Here are my annual tips for getting the most out of your rig at Field Day. (Some are Elecraft-specific--thanks for the bandwidth!)
To conserve battery life, use hunt-and-pounce rather than calling CQ, and use lower power output when possible. This is especially practical on a very quiet band, such as on 15 or 10 meters in the afternoon and early evening. You'll be amazed at how many stations you can work with one watt when these higher bands are open.
Lower power can also keep the rig cooler. (As will operating in the shade! At least keep the heat sink in the shade, if you can. On the KX3, the heat sink occupies the back edge and bottom of the enclosure. On the KX2, it's the right side panel.)
To reduce supply current in receive mode, use headphones rather than the internal speaker, and if lighting conditions permit, turn off the LCD backlight (MENU:BKLIGHT).
The KX2 has an amp-hour monitoring feature. Tap DISP and rotate VFO B to obtain this reading. To clear the AH value to zero, go into the AMP HRS menu entry and hold CLR.
The KX3 automatically switches the power amplifier to a more efficient setting based on the mode, supply voltage, and power setting. You can tell that power-saving mode is in effect by a decimal point after the 'W' in the power value (e.g., "5.0 W."). In SSB and audio data modes, the applicable level is 3.0 watts.
QRP HUNT-AND-POUNCE TIP
This type of operation can be greatly enhanced by using dual watch (KX2/KX3) or a sub receiver (K3/K3S). It allows you to keep one VFO on a station you're waiting to call, while tuning the other VFO to look for the next station to call. (If you beat my own 1B-Battery score because of this tip...guess I asked for it :)
The general rule is, "the longer and higher, the better," suggesting wire-in-a-tree antennas. (If you're lucky enough to have a portable yagi, that's even better.)
When winding antenna wire for storage, wind it in a figure-8 pattern. When you release the bundle later, it will spring out easily without kinks or tangles.

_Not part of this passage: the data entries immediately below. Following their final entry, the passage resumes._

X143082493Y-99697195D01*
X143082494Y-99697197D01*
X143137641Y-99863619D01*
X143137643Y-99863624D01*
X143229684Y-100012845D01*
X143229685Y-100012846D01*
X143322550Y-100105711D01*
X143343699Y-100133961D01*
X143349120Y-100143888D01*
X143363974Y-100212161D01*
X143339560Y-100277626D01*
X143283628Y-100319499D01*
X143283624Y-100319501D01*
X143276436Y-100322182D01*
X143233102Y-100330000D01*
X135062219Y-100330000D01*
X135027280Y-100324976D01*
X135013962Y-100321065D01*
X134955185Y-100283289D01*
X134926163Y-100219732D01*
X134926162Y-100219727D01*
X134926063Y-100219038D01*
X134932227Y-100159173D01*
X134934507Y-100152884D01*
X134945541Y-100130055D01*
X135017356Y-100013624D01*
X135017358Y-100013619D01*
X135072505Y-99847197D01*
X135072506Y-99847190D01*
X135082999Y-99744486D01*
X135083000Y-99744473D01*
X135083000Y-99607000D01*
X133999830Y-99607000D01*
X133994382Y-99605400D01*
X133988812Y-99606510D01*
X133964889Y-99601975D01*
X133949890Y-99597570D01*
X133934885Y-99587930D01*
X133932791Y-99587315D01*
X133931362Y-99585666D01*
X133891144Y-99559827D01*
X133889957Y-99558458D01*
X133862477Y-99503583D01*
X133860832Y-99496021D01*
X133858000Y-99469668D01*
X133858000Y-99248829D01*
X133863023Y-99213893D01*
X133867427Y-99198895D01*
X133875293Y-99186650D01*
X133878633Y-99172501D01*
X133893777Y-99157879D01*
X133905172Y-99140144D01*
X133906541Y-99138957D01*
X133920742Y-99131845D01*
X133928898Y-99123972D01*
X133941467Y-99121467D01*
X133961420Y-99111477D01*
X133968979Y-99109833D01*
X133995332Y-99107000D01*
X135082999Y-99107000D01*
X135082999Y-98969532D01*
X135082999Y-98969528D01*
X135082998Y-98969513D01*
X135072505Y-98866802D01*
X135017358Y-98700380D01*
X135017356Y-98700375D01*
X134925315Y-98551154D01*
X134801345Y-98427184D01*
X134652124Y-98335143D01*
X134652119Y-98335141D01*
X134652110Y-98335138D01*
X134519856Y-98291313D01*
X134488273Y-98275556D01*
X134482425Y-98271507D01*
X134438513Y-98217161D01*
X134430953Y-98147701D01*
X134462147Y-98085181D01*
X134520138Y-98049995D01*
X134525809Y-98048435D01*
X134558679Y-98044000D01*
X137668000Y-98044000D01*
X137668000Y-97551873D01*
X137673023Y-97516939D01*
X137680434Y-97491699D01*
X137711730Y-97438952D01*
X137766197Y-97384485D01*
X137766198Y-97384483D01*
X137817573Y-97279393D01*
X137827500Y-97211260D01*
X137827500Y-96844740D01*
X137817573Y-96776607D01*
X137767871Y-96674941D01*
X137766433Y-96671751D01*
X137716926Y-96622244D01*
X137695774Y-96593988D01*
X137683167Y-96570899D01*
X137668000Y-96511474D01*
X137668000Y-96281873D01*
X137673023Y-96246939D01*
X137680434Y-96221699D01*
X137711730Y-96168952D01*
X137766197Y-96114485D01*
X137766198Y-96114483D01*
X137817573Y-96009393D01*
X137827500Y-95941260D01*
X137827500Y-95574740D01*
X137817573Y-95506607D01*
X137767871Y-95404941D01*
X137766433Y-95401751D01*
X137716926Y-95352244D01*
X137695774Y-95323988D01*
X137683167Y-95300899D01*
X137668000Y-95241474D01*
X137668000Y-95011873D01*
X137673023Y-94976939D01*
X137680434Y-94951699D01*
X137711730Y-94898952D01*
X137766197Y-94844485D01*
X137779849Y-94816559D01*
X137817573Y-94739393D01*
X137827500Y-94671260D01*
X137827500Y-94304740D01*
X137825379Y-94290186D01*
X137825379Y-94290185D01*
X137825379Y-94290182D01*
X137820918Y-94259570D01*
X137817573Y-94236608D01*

An electrically short whip will work in a pinch, but you'll typically realize a 5 to 15 dB improvement on both RX and TX with an an-hoc wire antenna.

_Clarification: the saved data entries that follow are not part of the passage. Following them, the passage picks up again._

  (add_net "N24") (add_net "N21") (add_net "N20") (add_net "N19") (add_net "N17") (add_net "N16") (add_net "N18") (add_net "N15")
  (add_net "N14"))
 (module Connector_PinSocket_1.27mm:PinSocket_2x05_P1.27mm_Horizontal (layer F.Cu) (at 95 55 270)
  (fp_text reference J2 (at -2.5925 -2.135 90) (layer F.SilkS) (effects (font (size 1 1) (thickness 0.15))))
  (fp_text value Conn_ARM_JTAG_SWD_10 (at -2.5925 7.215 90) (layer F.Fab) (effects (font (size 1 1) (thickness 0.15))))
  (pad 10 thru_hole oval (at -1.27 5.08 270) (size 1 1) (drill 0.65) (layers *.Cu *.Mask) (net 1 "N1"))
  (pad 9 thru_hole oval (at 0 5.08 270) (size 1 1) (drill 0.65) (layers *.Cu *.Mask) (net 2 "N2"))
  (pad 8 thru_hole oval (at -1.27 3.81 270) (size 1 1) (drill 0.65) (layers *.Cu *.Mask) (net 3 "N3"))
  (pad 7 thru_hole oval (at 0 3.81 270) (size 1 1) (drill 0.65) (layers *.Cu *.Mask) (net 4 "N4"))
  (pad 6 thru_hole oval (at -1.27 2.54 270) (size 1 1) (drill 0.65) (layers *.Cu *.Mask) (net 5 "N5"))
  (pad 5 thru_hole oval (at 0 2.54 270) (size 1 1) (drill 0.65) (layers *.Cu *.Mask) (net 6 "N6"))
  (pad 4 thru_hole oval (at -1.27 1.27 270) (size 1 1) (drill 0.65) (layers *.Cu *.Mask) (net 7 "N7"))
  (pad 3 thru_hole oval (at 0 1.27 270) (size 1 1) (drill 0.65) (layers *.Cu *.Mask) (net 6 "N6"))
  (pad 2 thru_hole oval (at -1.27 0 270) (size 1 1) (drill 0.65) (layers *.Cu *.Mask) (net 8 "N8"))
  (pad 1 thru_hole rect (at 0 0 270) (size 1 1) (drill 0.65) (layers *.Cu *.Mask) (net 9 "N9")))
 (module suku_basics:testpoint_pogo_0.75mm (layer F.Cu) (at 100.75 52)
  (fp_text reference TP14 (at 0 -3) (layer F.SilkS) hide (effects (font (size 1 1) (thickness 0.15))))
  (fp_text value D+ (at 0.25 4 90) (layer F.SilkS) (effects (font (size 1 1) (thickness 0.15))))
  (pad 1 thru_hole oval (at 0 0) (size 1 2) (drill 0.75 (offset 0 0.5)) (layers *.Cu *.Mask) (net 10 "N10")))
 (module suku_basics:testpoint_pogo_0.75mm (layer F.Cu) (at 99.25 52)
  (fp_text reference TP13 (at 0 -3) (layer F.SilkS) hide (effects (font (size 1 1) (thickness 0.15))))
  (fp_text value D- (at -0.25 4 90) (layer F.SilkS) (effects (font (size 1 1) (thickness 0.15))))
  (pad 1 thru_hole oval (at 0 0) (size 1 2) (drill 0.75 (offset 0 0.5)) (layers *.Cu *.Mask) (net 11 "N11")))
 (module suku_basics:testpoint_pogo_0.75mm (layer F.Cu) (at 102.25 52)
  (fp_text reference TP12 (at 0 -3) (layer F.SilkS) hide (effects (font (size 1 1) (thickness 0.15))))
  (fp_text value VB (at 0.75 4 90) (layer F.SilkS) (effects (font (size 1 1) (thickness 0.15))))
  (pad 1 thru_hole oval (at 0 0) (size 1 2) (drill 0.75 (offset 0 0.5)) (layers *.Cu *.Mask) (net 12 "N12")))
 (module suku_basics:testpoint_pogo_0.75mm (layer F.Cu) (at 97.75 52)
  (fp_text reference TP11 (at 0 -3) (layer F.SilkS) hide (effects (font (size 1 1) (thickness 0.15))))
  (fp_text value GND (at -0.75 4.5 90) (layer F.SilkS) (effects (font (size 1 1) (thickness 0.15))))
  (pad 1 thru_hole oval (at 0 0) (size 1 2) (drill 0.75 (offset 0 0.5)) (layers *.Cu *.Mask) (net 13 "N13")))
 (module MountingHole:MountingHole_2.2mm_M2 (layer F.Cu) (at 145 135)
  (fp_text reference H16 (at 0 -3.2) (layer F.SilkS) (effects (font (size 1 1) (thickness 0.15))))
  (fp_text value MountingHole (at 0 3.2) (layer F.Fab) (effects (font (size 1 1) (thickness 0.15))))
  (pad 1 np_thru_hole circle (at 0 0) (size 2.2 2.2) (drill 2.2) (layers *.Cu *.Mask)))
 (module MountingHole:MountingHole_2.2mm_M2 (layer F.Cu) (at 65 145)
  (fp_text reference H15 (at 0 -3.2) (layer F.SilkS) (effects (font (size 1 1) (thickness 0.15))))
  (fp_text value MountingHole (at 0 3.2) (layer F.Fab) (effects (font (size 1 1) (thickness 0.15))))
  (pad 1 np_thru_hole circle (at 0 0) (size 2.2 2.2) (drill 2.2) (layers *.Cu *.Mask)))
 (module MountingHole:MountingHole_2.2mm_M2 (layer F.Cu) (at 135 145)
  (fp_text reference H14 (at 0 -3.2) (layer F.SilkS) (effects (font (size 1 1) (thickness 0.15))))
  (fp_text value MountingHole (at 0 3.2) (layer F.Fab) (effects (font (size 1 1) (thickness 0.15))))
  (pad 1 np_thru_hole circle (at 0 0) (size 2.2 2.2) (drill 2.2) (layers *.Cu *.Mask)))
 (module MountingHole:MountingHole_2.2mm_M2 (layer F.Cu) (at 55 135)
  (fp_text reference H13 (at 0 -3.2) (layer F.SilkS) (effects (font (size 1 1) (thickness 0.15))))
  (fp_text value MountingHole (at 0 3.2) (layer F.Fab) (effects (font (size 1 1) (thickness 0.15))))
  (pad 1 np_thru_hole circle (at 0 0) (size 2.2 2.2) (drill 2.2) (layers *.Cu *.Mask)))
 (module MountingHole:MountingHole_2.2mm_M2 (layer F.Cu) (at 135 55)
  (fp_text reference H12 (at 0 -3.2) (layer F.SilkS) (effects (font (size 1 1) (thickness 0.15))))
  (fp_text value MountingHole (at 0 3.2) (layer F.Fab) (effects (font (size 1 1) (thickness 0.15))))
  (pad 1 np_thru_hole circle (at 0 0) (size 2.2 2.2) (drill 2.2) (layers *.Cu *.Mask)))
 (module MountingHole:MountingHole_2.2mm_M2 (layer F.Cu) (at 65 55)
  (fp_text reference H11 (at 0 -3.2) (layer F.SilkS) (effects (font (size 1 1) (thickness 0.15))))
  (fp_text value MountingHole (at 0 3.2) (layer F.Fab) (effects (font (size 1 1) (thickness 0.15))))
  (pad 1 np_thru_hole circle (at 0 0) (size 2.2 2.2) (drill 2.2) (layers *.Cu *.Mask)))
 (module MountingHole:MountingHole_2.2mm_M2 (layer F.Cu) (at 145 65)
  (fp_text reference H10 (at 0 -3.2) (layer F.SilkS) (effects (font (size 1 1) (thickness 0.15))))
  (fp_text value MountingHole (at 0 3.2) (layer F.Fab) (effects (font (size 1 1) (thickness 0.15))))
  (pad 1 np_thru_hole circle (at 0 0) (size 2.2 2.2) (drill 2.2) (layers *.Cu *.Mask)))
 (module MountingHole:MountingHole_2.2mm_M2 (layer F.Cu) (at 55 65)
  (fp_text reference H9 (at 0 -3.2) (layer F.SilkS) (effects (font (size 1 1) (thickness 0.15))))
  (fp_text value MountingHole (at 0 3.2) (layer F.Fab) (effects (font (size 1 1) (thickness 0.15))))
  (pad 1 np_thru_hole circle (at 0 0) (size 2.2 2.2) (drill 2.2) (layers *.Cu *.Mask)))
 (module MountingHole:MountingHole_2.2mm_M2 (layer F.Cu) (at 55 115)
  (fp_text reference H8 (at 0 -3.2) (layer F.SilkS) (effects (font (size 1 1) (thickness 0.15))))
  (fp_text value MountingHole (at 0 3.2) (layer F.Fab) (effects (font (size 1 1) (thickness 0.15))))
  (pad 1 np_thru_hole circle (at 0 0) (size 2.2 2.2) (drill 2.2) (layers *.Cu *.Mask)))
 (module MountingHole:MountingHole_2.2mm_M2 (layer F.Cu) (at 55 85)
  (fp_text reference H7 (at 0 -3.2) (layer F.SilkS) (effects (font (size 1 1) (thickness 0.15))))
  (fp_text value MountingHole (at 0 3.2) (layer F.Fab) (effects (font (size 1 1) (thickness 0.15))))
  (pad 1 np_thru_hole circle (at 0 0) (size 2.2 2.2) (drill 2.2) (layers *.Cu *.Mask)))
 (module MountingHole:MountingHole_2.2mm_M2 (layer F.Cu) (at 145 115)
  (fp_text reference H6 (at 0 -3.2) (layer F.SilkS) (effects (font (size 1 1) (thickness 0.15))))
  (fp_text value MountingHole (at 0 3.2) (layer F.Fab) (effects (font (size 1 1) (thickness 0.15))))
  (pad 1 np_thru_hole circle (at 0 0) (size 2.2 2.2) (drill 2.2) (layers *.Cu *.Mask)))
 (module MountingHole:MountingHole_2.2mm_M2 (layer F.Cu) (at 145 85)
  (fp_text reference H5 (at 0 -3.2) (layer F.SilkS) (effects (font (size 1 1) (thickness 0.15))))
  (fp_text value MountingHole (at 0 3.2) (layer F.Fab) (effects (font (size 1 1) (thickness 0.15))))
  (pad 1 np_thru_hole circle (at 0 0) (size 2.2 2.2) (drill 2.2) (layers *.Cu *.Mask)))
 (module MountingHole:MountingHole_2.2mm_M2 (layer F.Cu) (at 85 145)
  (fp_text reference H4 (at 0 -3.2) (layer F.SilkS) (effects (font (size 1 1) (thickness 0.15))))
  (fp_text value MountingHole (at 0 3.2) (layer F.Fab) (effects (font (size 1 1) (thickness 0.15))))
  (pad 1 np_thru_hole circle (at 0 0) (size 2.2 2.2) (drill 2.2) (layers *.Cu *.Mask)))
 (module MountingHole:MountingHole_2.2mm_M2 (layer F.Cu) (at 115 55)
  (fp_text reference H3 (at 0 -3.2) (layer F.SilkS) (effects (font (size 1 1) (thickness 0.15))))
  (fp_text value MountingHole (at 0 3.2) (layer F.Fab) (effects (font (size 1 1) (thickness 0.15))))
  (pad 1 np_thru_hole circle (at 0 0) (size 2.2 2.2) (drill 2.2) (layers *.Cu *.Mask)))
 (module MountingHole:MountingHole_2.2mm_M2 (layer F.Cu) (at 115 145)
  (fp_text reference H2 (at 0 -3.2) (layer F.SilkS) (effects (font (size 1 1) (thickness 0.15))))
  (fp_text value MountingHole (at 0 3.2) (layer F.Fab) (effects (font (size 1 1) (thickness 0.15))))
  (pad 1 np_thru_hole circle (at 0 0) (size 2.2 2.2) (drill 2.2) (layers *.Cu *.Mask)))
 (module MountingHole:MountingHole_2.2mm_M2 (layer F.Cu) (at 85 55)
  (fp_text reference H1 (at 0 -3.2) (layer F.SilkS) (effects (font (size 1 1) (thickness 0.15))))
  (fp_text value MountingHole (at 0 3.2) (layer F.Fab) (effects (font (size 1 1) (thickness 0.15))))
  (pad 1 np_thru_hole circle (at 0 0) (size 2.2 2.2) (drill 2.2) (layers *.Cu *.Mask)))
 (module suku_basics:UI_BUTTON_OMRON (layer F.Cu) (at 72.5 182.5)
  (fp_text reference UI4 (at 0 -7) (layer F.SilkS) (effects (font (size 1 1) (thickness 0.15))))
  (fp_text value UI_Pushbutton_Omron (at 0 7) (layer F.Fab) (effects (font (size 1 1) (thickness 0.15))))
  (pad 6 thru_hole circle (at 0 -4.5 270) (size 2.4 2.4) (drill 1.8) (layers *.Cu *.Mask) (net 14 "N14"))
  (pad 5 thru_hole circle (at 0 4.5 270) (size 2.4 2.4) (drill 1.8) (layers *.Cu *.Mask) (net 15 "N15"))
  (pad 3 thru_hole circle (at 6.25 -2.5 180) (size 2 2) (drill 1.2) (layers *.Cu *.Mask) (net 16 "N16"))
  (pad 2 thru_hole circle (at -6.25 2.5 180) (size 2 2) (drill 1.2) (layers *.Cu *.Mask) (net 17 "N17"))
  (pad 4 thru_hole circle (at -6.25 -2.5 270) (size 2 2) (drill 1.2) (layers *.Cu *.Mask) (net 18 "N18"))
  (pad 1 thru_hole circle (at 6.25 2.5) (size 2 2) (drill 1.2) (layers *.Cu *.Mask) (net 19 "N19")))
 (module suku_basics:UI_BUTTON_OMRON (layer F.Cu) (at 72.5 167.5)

Most Elecraft rigs have an optional internal, wide-range ATU that can tune random wire antennas on all or some bands. Once the antenna is set up, go into the ATU menu entry on each band of interest and hold CLR to clear out all L-network memories. You may then only have to do ATU TUNE once or twice per band. Data for your home antennas may be stored for up to 32 smaller segments on each band.
When connecting a wire directly to an ATU, avoid wire lengths that are multiples of a half-wave on any target band (unless you're using a half-wave antenna with a matching transformer at the rig). 26' and 52' (approximately) work well for 40-6 meters in most cases, and 52' will usually allow matching on 80 m as well.
You can use these same lengths for counterpoise wires, which are essential for low loss on transmit. Without at least one counterpoise wire, your transmitted signal will be an additional 10-20 dB lower, even if the ATU can match the antenna.
If you're using more than one transmitter, try to keep the antennas as far apart as possible and perpendicular to each other. This is a good practice with all FD stations, because it can prevent receiver de-sensing and intermodulation distortion. If two stations unavoidably have their antennas in each other's near fields, you can dig into a pretty deep bag of tricks, including reducing preamp gain or turning on the attenuator. These settings are per-band on all Elecraft rigs.
- KX3: Try setting MENU:RX SHFT to 8.0 rather than NOR. (The KX2 always uses 8 kHz shift.)
The KX2 and KX3, like other radios with a quadrature direct-conversion architecture, use a VFO (local oscillator) running at or very close to the operating frequency. If you have another radio on the same band as the KX2 or KX3, and the antennas are close together, the other radio may be able to hear the rig's oscillator when they're both tuned close to the same frequency.